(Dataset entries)
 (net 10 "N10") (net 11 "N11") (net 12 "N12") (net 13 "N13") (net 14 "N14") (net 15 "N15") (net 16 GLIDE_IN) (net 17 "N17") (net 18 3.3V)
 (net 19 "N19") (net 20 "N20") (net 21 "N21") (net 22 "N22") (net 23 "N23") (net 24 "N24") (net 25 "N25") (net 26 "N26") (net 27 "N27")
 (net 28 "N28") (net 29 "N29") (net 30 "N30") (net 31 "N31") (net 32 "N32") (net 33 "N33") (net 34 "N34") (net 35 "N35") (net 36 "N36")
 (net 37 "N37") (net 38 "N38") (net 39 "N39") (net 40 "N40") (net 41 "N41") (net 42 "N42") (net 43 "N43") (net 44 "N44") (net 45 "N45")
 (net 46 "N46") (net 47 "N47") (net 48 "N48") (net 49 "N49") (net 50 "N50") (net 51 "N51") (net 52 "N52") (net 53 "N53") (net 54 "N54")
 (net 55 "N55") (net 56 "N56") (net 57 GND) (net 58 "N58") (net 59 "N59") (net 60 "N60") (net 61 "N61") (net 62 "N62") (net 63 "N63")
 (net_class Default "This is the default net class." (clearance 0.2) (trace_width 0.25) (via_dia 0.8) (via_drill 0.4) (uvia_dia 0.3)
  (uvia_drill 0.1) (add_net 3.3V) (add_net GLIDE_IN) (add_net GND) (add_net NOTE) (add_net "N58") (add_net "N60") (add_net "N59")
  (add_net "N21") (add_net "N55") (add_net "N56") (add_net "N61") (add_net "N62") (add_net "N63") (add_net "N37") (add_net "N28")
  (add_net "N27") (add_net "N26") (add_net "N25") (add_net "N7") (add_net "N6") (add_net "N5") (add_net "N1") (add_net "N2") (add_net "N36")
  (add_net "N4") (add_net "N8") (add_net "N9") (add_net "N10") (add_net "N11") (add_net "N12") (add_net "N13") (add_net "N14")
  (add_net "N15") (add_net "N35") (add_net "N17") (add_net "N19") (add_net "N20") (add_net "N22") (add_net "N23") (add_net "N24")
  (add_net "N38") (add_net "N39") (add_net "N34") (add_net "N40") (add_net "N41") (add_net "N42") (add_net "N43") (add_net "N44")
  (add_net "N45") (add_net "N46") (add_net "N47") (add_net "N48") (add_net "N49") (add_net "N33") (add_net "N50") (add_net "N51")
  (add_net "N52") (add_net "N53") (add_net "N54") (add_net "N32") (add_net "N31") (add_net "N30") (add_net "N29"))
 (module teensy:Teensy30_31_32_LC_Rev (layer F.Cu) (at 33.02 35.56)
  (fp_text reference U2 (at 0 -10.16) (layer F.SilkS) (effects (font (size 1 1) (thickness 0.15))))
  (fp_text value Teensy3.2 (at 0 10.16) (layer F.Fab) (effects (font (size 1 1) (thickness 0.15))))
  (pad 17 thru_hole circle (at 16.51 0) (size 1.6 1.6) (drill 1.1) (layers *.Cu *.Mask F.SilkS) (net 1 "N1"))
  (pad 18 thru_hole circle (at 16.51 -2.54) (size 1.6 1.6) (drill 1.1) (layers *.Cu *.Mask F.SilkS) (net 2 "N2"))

* * *

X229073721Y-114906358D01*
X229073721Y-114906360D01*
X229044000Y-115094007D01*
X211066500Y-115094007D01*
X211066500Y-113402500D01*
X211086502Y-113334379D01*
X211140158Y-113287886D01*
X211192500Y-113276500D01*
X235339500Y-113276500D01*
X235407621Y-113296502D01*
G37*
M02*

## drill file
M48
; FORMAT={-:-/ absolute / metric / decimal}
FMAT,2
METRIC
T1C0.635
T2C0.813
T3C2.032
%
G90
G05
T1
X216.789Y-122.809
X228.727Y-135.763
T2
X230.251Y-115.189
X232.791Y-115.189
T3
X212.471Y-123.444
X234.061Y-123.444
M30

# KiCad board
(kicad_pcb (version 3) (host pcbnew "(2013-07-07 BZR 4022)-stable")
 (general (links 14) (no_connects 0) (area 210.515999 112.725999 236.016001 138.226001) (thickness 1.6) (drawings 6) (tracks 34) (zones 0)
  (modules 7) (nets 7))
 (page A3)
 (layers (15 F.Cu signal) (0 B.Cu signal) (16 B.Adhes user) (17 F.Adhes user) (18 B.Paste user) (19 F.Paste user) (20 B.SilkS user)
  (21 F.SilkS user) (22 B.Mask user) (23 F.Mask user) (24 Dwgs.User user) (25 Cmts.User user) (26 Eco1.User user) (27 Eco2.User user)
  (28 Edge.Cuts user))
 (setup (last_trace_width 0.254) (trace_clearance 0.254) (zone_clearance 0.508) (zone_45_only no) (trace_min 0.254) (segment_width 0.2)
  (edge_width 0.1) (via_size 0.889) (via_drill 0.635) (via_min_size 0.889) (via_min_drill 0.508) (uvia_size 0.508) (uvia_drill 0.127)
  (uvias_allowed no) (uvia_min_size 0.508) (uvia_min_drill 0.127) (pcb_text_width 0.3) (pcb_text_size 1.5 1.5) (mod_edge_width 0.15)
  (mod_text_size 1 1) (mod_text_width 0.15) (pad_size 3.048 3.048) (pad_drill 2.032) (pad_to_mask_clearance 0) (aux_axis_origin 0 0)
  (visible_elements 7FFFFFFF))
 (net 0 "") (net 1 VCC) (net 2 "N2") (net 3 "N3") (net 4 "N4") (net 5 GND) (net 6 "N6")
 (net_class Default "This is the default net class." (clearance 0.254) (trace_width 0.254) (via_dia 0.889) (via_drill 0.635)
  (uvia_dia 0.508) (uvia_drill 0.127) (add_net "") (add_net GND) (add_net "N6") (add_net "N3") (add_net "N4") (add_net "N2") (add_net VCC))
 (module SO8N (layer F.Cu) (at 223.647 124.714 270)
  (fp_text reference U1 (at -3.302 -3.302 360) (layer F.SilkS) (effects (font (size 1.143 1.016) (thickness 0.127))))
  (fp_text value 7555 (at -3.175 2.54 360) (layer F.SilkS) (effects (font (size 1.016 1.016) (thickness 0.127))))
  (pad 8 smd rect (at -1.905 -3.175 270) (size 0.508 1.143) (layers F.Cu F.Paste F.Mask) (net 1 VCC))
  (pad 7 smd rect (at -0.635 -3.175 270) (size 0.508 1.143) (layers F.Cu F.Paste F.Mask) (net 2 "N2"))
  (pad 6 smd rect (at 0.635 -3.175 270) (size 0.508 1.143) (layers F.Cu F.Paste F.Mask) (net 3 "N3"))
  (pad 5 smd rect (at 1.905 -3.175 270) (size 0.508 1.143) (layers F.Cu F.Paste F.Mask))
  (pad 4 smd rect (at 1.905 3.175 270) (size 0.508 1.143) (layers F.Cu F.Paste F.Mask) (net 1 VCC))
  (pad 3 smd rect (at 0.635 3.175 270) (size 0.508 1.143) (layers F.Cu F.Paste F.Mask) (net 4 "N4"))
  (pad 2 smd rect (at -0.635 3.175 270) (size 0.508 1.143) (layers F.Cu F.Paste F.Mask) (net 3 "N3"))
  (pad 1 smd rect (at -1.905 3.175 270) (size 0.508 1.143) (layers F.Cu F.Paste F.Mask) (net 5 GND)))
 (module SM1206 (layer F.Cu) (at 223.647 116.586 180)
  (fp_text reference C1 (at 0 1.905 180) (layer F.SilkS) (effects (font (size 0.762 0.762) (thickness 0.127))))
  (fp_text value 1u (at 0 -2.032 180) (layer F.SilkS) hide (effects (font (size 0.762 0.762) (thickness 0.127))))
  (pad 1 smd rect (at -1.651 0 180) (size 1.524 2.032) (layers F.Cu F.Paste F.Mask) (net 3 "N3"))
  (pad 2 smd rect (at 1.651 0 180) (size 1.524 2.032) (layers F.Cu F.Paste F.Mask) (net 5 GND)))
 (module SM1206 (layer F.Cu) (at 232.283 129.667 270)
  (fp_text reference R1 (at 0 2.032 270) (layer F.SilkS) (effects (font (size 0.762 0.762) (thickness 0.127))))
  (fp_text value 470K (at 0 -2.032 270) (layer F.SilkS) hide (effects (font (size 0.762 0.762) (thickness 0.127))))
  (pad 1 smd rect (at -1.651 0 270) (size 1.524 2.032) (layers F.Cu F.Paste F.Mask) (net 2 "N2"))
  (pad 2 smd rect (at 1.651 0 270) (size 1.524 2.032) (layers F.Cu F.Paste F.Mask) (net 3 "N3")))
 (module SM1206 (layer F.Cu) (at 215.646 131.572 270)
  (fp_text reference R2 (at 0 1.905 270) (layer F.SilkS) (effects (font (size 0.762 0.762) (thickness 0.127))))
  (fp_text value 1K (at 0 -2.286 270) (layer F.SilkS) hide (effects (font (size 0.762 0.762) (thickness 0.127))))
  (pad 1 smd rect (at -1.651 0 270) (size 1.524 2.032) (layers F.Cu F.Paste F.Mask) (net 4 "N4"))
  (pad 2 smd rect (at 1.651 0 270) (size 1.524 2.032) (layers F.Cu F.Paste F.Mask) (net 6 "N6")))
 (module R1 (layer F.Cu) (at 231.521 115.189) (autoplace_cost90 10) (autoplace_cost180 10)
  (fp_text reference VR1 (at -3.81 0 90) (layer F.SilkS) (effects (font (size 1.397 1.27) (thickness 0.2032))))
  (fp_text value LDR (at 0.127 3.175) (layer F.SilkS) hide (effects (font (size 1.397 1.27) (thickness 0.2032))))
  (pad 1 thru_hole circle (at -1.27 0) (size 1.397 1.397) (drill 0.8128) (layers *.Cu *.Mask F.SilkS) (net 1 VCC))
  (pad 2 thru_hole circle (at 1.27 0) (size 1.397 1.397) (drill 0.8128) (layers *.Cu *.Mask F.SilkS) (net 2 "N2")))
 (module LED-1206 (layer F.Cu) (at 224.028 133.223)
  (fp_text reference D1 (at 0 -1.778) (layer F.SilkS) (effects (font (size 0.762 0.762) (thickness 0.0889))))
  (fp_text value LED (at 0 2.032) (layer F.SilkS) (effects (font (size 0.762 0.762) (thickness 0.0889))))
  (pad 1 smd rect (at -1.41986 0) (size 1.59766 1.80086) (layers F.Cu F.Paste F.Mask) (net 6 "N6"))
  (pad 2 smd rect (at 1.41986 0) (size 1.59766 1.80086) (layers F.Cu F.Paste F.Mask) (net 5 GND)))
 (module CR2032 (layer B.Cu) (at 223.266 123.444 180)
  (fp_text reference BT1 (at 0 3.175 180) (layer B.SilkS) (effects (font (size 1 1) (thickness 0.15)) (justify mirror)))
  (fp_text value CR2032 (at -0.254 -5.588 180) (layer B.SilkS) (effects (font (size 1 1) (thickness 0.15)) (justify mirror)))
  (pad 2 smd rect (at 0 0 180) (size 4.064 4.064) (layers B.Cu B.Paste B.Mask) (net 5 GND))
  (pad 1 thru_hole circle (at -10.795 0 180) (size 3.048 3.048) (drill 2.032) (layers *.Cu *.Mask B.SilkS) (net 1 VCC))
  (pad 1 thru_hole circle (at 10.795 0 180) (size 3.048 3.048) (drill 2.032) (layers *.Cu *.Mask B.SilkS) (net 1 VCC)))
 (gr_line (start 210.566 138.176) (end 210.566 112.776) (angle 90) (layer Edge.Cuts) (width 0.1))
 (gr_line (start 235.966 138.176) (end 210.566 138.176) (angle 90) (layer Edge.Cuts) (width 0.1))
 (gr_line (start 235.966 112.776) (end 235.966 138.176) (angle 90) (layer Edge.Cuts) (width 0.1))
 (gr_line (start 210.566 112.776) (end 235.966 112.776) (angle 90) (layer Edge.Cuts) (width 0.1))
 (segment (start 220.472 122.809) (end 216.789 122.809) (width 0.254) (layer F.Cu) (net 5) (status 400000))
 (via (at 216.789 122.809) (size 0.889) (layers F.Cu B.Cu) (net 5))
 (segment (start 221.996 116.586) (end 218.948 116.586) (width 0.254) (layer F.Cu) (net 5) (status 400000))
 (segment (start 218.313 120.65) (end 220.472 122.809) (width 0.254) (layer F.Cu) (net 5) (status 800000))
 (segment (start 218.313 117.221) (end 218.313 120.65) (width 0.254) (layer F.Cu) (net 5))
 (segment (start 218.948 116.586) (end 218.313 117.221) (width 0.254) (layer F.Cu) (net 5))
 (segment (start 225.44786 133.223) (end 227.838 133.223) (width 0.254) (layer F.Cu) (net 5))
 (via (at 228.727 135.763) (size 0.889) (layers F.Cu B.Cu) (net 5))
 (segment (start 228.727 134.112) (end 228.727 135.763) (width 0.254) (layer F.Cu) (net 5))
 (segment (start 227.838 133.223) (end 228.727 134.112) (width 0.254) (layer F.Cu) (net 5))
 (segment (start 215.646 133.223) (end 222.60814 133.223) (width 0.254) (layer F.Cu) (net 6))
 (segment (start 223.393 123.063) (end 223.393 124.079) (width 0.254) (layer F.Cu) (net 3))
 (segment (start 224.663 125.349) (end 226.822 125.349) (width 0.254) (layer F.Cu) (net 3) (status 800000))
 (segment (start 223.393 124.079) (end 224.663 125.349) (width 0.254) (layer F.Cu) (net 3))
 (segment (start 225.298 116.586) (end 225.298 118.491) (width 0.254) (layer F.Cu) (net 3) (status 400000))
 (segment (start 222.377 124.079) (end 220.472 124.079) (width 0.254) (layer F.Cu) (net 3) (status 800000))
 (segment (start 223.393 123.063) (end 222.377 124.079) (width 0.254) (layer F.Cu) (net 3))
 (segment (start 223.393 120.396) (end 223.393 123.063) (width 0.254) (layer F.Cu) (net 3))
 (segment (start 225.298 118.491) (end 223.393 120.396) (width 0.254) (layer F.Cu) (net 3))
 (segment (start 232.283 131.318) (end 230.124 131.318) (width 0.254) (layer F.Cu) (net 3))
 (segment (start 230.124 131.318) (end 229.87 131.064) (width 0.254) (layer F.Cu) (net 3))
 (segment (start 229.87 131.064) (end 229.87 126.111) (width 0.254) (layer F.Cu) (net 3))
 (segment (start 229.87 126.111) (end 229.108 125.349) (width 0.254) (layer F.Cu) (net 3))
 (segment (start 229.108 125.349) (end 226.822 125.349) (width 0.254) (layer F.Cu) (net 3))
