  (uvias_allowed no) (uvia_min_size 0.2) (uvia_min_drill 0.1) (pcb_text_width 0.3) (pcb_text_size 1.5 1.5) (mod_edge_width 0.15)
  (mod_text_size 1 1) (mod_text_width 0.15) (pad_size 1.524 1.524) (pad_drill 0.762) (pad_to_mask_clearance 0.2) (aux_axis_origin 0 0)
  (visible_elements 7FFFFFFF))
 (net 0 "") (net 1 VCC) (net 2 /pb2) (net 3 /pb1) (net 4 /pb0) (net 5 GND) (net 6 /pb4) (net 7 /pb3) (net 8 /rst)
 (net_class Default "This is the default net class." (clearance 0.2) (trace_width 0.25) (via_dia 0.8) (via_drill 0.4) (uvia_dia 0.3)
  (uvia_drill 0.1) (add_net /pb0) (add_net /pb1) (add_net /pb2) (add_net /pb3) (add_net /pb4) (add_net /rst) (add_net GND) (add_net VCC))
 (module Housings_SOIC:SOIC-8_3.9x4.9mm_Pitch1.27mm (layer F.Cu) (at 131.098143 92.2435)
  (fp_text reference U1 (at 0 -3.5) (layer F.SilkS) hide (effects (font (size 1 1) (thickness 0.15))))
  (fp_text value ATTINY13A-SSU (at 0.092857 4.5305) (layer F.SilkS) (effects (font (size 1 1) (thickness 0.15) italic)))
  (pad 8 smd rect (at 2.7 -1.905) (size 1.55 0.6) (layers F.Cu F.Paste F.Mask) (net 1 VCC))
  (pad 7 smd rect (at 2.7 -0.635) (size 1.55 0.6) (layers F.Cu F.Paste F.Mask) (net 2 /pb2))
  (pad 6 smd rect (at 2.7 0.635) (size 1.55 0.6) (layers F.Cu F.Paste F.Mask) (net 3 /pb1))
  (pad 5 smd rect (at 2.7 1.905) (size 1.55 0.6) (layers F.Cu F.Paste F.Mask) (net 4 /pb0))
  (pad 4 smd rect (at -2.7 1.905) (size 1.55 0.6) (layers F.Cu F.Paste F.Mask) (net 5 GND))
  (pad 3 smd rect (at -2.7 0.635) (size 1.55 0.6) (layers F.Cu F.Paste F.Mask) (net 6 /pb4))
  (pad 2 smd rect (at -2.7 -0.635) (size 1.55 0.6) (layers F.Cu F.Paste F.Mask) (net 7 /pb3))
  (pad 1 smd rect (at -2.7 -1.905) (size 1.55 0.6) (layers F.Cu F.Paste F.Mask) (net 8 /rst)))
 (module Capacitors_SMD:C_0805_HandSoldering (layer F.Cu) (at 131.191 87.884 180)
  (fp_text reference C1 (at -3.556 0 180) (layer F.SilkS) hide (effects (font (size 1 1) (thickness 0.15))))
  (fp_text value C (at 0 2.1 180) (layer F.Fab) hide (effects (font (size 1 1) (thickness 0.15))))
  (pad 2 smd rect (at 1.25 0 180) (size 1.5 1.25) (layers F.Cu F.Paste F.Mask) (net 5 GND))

* Work instruction *
Every line above that holds the string "hide" should be copied out.

* Result for this task *
  (fp_text value 1u (at 0 -2.032 180) (layer F.SilkS) hide (effects (font (size 0.762 0.762) (thickness 0.127))))
  (fp_text value 470K (at 0 -2.032 270) (layer F.SilkS) hide (effects (font (size 0.762 0.762) (thickness 0.127))))
  (fp_text value 1K (at 0 -2.286 270) (layer F.SilkS) hide (effects (font (size 0.762 0.762) (thickness 0.127))))
  (fp_text value LDR (at 0.127 3.175) (layer F.SilkS) hide (effects (font (size 1.397 1.27) (thickness 0.2032))))
  (fp_text reference U1 (at 0 -3.5) (layer F.SilkS) hide (effects (font (size 1 1) (thickness 0.15))))
  (fp_text reference C1 (at -3.556 0 180) (layer F.SilkS) hide (effects (font (size 1 1) (thickness 0.15))))
  (fp_text value C (at 0 2.1 180) (layer F.Fab) hide (effects (font (size 1 1) (thickness 0.15))))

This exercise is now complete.